EXERCISE BRIEF:
Stopping at the line that holds "X143750000Y-84800000D01*", repeat the lines below exactly, starting from the very first and including that final line.

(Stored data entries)

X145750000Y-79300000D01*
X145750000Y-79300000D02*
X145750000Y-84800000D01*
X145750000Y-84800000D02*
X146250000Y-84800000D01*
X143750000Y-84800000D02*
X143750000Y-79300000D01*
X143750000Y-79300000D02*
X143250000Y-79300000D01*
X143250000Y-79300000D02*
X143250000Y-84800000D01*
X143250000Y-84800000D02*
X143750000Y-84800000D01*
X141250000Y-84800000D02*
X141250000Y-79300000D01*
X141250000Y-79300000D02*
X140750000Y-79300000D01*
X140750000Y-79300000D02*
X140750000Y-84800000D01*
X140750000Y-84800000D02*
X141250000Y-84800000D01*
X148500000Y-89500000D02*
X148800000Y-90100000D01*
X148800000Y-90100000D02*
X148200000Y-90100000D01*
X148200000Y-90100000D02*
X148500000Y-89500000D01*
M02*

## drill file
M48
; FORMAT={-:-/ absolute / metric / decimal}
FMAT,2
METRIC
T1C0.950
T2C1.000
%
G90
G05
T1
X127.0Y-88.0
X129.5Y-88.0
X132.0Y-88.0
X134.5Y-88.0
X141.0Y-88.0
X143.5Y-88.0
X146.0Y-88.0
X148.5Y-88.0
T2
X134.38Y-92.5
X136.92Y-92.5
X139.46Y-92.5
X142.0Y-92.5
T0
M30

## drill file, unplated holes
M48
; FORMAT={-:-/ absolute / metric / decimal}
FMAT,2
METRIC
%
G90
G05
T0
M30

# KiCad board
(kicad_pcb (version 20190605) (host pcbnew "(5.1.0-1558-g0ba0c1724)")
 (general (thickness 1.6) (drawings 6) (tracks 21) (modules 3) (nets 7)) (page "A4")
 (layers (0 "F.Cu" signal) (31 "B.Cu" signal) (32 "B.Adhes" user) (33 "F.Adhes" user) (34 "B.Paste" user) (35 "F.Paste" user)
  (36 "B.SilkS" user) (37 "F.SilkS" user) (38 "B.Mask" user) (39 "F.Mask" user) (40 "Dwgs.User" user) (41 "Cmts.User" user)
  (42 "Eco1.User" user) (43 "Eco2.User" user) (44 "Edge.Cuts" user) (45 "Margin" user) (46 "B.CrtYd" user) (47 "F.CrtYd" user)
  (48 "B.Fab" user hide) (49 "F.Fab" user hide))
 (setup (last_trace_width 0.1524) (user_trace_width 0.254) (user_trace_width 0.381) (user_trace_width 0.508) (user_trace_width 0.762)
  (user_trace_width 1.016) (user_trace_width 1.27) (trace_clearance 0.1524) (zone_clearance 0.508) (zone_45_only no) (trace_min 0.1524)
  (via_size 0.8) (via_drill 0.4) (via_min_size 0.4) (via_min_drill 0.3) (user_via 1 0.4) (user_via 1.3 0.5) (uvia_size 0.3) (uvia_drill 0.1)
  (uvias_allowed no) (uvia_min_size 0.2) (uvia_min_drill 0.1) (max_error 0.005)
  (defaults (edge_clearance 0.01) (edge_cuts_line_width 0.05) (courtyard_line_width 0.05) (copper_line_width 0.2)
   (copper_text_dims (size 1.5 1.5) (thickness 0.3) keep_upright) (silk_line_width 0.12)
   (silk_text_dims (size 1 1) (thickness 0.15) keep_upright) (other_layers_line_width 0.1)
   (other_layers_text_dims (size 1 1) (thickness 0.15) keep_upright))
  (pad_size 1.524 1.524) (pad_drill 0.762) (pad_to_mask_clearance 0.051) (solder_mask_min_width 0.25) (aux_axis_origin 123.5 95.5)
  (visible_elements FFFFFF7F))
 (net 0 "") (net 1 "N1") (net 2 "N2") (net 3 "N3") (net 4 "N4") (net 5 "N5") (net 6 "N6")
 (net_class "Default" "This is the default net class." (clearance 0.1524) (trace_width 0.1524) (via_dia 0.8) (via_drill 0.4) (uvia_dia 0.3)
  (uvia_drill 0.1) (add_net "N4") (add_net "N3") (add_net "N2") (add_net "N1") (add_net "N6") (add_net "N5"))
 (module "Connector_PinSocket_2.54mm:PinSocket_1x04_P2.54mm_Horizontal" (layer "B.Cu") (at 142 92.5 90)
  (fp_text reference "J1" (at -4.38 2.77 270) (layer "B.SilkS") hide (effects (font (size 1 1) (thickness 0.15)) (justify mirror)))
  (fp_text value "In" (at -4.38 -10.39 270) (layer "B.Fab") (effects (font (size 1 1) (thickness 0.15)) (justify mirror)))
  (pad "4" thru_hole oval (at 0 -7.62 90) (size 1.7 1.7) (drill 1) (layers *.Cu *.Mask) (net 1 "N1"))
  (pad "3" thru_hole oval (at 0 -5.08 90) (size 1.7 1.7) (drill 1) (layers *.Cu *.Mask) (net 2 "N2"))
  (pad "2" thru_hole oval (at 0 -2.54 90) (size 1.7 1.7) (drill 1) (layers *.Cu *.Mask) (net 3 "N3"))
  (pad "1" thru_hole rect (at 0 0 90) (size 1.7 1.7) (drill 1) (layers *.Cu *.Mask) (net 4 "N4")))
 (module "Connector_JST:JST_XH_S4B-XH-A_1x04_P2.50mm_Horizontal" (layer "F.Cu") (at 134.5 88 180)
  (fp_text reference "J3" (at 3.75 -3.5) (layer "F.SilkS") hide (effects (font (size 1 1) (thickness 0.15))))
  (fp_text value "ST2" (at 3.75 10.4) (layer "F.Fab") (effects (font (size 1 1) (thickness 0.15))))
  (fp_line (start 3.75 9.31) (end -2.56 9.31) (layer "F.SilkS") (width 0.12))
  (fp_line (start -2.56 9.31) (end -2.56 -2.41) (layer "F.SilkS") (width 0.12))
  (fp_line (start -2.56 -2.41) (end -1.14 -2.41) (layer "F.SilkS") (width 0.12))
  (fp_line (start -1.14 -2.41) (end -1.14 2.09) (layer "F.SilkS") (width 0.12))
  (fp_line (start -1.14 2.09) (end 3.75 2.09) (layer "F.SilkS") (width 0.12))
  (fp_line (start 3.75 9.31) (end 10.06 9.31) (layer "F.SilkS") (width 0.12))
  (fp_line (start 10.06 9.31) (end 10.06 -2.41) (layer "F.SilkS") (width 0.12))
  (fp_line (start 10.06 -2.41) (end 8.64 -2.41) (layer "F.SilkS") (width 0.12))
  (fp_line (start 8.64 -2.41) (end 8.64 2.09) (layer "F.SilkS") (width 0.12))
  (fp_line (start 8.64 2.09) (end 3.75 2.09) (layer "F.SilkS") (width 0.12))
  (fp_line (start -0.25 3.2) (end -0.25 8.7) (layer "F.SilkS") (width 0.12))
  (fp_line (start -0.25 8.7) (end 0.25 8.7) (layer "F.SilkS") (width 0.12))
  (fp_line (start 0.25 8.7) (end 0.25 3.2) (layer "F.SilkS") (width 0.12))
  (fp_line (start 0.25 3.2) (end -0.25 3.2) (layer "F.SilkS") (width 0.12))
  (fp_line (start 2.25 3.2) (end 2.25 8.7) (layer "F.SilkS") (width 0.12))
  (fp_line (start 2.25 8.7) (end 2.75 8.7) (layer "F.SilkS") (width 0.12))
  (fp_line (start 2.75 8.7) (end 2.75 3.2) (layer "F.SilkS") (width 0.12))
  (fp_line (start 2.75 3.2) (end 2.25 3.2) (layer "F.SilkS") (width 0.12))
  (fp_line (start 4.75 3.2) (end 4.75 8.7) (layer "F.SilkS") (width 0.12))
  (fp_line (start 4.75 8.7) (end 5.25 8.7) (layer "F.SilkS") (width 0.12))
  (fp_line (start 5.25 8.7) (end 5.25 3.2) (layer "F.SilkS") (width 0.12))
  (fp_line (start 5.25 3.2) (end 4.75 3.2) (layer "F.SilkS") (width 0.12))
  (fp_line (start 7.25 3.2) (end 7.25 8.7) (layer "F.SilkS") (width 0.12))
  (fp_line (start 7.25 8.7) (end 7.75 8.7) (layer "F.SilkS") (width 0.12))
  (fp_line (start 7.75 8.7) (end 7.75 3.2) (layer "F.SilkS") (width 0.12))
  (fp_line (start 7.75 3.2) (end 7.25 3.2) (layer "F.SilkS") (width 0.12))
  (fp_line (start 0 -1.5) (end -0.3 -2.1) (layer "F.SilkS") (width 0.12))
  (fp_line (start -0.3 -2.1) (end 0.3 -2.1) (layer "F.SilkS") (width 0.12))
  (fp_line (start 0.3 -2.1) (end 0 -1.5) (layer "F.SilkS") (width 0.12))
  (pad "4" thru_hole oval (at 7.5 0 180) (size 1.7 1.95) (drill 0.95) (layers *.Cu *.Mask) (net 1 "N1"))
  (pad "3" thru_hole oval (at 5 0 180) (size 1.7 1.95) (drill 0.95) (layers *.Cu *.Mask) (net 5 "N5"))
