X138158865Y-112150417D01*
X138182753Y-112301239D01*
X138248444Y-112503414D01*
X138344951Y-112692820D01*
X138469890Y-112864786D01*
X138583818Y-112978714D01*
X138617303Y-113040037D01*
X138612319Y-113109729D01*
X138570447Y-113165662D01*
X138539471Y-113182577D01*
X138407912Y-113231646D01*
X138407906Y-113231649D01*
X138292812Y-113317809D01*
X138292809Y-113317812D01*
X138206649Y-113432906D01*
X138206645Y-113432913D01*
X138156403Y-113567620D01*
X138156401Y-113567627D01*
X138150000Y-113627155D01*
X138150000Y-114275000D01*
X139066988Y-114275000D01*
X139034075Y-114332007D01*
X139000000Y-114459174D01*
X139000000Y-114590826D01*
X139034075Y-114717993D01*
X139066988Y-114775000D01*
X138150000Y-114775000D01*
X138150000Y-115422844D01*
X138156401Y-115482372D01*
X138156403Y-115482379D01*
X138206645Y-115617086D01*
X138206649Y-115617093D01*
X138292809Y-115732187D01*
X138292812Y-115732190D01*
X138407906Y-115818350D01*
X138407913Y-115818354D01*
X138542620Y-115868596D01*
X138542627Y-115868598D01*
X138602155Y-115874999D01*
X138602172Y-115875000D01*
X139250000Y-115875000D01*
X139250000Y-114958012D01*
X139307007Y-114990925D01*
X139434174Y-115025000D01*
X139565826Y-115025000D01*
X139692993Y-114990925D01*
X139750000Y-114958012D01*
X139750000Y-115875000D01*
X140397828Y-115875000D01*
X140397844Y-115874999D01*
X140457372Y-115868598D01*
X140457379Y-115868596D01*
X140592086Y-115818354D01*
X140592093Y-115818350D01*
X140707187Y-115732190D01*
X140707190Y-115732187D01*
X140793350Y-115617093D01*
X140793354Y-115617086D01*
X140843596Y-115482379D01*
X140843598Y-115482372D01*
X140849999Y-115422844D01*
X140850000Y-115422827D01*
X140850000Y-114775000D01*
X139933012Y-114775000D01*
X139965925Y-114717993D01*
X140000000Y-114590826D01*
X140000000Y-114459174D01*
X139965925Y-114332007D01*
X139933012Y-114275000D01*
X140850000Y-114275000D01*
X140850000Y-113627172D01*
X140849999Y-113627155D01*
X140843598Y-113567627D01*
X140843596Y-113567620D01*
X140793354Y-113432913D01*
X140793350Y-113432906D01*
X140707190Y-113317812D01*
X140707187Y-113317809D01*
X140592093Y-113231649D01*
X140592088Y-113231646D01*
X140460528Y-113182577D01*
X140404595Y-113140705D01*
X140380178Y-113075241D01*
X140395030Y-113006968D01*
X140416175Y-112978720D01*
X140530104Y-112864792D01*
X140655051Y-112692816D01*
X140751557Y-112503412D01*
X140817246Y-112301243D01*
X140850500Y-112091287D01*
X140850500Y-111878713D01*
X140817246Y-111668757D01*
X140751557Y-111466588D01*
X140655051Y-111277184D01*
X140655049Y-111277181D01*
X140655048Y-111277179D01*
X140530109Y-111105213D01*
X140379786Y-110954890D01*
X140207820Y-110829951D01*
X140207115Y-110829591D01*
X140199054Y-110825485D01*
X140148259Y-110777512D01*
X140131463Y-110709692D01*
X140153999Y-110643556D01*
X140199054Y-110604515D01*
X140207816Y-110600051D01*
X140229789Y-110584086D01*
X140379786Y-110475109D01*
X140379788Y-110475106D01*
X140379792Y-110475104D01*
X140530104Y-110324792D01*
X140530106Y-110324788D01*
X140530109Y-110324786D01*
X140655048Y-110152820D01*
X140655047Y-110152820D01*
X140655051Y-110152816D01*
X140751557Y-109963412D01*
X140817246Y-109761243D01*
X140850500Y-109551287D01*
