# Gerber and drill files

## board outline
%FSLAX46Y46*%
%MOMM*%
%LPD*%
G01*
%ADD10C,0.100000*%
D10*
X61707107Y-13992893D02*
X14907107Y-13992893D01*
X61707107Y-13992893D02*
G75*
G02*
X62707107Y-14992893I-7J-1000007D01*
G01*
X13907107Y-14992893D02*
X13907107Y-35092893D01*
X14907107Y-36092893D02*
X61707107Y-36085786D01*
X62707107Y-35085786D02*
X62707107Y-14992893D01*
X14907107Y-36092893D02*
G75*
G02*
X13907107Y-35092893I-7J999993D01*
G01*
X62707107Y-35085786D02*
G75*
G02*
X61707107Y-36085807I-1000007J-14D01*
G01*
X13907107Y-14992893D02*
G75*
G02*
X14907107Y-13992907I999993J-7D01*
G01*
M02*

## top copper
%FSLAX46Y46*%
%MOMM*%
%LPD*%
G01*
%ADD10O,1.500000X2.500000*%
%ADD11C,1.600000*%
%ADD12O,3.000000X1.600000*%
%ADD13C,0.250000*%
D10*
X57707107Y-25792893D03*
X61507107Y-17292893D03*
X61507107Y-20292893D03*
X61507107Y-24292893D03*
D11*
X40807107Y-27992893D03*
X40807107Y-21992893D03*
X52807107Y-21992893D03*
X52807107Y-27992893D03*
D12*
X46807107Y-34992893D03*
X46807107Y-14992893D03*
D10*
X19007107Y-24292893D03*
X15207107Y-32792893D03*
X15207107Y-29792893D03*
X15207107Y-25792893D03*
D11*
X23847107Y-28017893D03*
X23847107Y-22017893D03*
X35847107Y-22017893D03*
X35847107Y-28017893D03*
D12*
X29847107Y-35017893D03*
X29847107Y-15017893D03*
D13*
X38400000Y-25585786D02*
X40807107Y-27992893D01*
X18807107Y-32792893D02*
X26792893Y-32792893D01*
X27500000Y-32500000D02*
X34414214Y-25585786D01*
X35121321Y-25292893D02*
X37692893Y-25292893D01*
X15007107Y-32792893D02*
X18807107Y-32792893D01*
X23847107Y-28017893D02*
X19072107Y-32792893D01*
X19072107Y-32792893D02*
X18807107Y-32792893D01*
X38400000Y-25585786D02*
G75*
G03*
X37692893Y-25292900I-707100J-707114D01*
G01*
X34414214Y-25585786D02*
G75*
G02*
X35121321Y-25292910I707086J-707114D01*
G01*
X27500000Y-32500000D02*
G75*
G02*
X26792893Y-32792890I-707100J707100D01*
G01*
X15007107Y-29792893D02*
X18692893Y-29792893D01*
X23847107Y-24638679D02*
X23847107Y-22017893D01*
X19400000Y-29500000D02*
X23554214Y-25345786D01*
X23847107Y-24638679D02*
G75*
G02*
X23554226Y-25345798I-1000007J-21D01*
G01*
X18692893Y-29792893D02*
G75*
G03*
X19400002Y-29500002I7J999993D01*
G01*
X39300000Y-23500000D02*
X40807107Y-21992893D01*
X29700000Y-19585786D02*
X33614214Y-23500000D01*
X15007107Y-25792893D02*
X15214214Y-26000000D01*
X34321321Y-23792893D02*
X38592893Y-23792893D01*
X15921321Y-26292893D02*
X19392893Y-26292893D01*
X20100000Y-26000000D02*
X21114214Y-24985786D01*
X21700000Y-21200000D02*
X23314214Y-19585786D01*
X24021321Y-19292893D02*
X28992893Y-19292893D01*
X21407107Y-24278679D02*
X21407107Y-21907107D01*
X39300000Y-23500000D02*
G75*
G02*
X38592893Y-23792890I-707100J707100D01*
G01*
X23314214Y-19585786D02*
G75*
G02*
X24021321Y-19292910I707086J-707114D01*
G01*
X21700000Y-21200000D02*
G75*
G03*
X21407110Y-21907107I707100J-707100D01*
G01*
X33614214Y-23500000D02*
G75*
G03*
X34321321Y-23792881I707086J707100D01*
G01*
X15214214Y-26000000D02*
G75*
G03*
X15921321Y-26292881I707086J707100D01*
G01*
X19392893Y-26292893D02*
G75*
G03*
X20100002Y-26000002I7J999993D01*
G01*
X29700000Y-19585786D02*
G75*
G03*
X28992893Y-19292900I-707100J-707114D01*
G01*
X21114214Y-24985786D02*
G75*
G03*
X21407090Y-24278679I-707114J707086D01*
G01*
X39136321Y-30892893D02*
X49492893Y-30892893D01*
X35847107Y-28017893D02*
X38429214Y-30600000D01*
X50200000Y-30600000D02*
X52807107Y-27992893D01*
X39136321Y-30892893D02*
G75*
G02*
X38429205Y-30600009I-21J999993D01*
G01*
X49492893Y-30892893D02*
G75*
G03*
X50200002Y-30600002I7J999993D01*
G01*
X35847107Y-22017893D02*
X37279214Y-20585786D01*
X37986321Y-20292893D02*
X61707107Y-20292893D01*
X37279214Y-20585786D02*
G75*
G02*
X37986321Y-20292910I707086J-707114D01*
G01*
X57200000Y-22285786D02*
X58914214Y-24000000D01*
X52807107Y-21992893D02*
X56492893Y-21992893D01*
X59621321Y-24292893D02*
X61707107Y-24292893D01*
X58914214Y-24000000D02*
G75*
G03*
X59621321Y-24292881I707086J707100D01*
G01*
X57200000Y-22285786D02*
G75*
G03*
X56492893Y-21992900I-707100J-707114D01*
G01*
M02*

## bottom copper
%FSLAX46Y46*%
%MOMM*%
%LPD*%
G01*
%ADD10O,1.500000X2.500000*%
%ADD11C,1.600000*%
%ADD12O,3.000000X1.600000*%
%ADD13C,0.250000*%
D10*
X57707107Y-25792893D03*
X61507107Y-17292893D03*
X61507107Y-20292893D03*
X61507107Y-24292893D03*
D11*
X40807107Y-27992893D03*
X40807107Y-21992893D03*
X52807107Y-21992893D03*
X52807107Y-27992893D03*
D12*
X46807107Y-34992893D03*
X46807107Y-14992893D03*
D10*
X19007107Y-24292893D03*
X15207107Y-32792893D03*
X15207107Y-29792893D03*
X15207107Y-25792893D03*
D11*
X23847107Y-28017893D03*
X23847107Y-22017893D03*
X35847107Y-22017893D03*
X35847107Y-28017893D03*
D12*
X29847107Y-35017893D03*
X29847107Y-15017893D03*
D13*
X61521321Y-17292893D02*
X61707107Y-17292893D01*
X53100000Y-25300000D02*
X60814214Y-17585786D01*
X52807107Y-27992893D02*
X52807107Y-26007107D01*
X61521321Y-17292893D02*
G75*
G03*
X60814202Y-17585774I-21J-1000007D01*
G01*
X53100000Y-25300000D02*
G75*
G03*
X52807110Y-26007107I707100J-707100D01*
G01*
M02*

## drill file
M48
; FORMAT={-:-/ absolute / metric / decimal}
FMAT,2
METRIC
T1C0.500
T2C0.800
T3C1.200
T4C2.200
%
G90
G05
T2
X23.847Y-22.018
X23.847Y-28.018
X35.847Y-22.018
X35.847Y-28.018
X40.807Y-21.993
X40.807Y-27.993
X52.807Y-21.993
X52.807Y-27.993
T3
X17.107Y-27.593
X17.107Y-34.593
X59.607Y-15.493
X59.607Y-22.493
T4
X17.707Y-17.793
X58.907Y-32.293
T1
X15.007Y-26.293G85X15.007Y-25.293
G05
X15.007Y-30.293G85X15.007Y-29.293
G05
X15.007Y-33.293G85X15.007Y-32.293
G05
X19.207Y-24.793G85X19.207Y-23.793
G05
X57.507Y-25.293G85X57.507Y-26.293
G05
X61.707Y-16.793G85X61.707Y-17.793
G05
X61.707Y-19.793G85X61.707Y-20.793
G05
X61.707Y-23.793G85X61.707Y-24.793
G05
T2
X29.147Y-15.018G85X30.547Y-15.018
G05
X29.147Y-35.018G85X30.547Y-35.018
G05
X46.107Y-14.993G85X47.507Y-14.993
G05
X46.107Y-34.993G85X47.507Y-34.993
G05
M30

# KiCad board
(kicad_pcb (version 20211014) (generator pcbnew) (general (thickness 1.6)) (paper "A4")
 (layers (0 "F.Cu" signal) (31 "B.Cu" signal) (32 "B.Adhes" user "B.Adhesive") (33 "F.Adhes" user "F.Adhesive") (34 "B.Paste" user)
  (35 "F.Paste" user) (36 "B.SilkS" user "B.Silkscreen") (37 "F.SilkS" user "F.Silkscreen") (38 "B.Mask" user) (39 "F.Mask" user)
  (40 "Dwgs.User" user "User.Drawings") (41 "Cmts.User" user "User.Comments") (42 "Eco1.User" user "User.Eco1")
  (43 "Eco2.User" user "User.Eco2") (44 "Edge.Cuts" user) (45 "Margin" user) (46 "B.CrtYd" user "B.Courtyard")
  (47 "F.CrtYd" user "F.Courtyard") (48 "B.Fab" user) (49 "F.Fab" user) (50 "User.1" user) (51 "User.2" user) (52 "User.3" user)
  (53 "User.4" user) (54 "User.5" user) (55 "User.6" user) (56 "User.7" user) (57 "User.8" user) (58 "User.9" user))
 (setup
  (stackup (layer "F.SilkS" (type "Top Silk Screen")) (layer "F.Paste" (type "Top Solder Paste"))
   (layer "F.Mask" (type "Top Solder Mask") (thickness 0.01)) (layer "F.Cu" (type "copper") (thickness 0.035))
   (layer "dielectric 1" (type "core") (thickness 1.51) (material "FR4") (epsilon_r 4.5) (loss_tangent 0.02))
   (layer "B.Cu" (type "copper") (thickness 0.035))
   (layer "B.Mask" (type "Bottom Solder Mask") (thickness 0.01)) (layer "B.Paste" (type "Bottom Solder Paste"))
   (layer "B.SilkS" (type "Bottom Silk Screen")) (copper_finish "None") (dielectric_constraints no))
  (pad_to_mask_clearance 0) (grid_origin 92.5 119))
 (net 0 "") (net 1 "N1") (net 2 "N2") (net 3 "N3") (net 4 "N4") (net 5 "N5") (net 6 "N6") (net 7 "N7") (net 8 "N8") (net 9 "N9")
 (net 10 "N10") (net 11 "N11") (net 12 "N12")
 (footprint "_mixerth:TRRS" (layer "F.Cu") (at 59.607107 13.992893)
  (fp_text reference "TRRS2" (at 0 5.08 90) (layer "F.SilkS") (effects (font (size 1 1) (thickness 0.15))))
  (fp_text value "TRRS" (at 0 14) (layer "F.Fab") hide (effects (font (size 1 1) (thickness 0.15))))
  (pad "" np_thru_hole circle (at 0 1.5) (size 1.2 1.2) (drill 1.2) (layers *.Cu *.Mask))
  (pad "" np_thru_hole circle (at 0 8.5) (size 1.2 1.2) (drill 1.2) (layers *.Cu *.Mask))
  (pad "A" thru_hole oval (at -2.1 11.8) (size 1.5 2.5) (drill oval 0.5 1.5 (offset 0.2 0)) (layers *.Cu "B.Mask") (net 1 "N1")
   (clearance 0.15))
  (pad "B" thru_hole oval (at 2.1 3.3) (size 1.5 2.5) (drill oval 0.5 1.5 (offset -0.2 0)) (layers *.Cu "B.Mask") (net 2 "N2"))
  (pad "C" thru_hole oval (at 2.1 6.3) (size 1.5 2.5) (drill oval 0.5 1.5 (offset -0.2 0)) (layers *.Cu "B.Mask") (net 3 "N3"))
  (pad "D" thru_hole oval (at 2.1 10.3) (size 1.5 2.5) (drill oval 0.5 1.5 (offset -0.2 0)) (layers *.Cu "B.Mask") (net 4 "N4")
   (clearance 0.15)))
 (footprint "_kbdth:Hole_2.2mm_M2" (layer "F.Cu") (at 58.907107 32.292893 90)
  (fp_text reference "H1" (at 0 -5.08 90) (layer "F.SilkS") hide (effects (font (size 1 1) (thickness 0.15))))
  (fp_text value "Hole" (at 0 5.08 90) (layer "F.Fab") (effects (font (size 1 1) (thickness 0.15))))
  (pad "" np_thru_hole circle locked (at 0 0 90) (size 2.2 2.2) (drill 2.2) (layers *.Cu *.Mask)))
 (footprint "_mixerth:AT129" (layer "F.Cu") (at 46.807107 24.992893 90)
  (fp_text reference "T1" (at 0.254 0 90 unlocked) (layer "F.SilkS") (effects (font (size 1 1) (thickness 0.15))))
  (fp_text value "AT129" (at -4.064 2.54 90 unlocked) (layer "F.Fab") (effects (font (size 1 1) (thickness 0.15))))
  (pad "1" thru_hole circle (at -3 -6 90) (size 1.6 1.6) (drill 0.8) (layers *.Cu "B.Mask") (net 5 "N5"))
  (pad "2" thru_hole circle (at 3 -6 90) (size 1.6 1.6) (drill 0.8) (layers *.Cu "B.Mask") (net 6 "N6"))
  (pad "3" thru_hole circle (at 3 6 90) (size 1.6 1.6) (drill 0.8) (layers *.Cu "B.Mask") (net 4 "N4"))
  (pad "4" thru_hole circle (at -3 6 90) (size 1.6 1.6) (drill 0.8) (layers *.Cu "B.Mask") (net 2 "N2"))
  (pad "5" thru_hole oval (at -10 0 90) (size 1.6 3) (drill oval 0.8 2.2) (layers *.Cu "B.Mask") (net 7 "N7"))
  (pad "6" thru_hole oval (at 10 0 90) (size 1.6 3) (drill oval 0.8 2.2) (layers *.Cu "B.Mask") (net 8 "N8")))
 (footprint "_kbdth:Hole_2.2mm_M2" (layer "F.Cu") (at 17.707107 17.792893 90)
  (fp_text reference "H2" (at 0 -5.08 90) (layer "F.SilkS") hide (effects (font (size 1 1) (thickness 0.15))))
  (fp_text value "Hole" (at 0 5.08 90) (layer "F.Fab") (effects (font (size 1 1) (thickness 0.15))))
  (pad "" np_thru_hole circle locked (at 0 0 90) (size 2.2 2.2) (drill 2.2) (layers *.Cu *.Mask)))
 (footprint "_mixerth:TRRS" (layer "F.Cu") (at 17.107107 36.092893 180)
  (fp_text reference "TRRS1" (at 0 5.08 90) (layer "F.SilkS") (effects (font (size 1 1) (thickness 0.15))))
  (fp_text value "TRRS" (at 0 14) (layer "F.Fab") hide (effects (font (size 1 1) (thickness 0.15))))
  (pad "" np_thru_hole circle (at 0 8.5 180) (size 1.2 1.2) (drill 1.2) (layers *.Cu *.Mask))
  (pad "" np_thru_hole circle (at 0 1.5 180) (size 1.2 1.2) (drill 1.2) (layers *.Cu *.Mask))
  (pad "A" thru_hole oval (at -2.1 11.8 180) (size 1.5 2.5) (drill oval 0.5 1.5 (offset 0.2 0)) (layers *.Cu "B.Mask") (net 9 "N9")
   (clearance 0.15))
  (pad "B" thru_hole oval (at 2.1 3.3 180) (size 1.5 2.5) (drill oval 0.5 1.5 (offset -0.2 0)) (layers *.Cu "B.Mask") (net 5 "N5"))
  (pad "C" thru_hole oval (at 2.1 6.3 180) (size 1.5 2.5) (drill oval 0.5 1.5 (offset -0.2 0)) (layers *.Cu "B.Mask") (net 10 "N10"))
  (pad "D" thru_hole oval (at 2.1 10.3 180) (size 1.5 2.5) (drill oval 0.5 1.5 (offset -0.2 0)) (layers *.Cu "B.Mask") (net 6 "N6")
   (clearance 0.15)))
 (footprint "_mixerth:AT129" (layer "F.Cu") (at 29.847107 25.017893 90)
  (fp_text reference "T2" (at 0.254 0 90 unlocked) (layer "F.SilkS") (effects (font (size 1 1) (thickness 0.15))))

PROBLEM SOLUTION:
X145750000Y-79300000D01*
X145750000Y-79300000D02*
X145750000Y-84800000D01*
X145750000Y-84800000D02*
X146250000Y-84800000D01*
X143750000Y-84800000D02*
X143750000Y-79300000D01*
X143750000Y-79300000D02*
X143250000Y-79300000D01*
X143250000Y-79300000D02*
X143250000Y-84800000D01*
X143250000Y-84800000D02*
X143750000Y-84800000D01*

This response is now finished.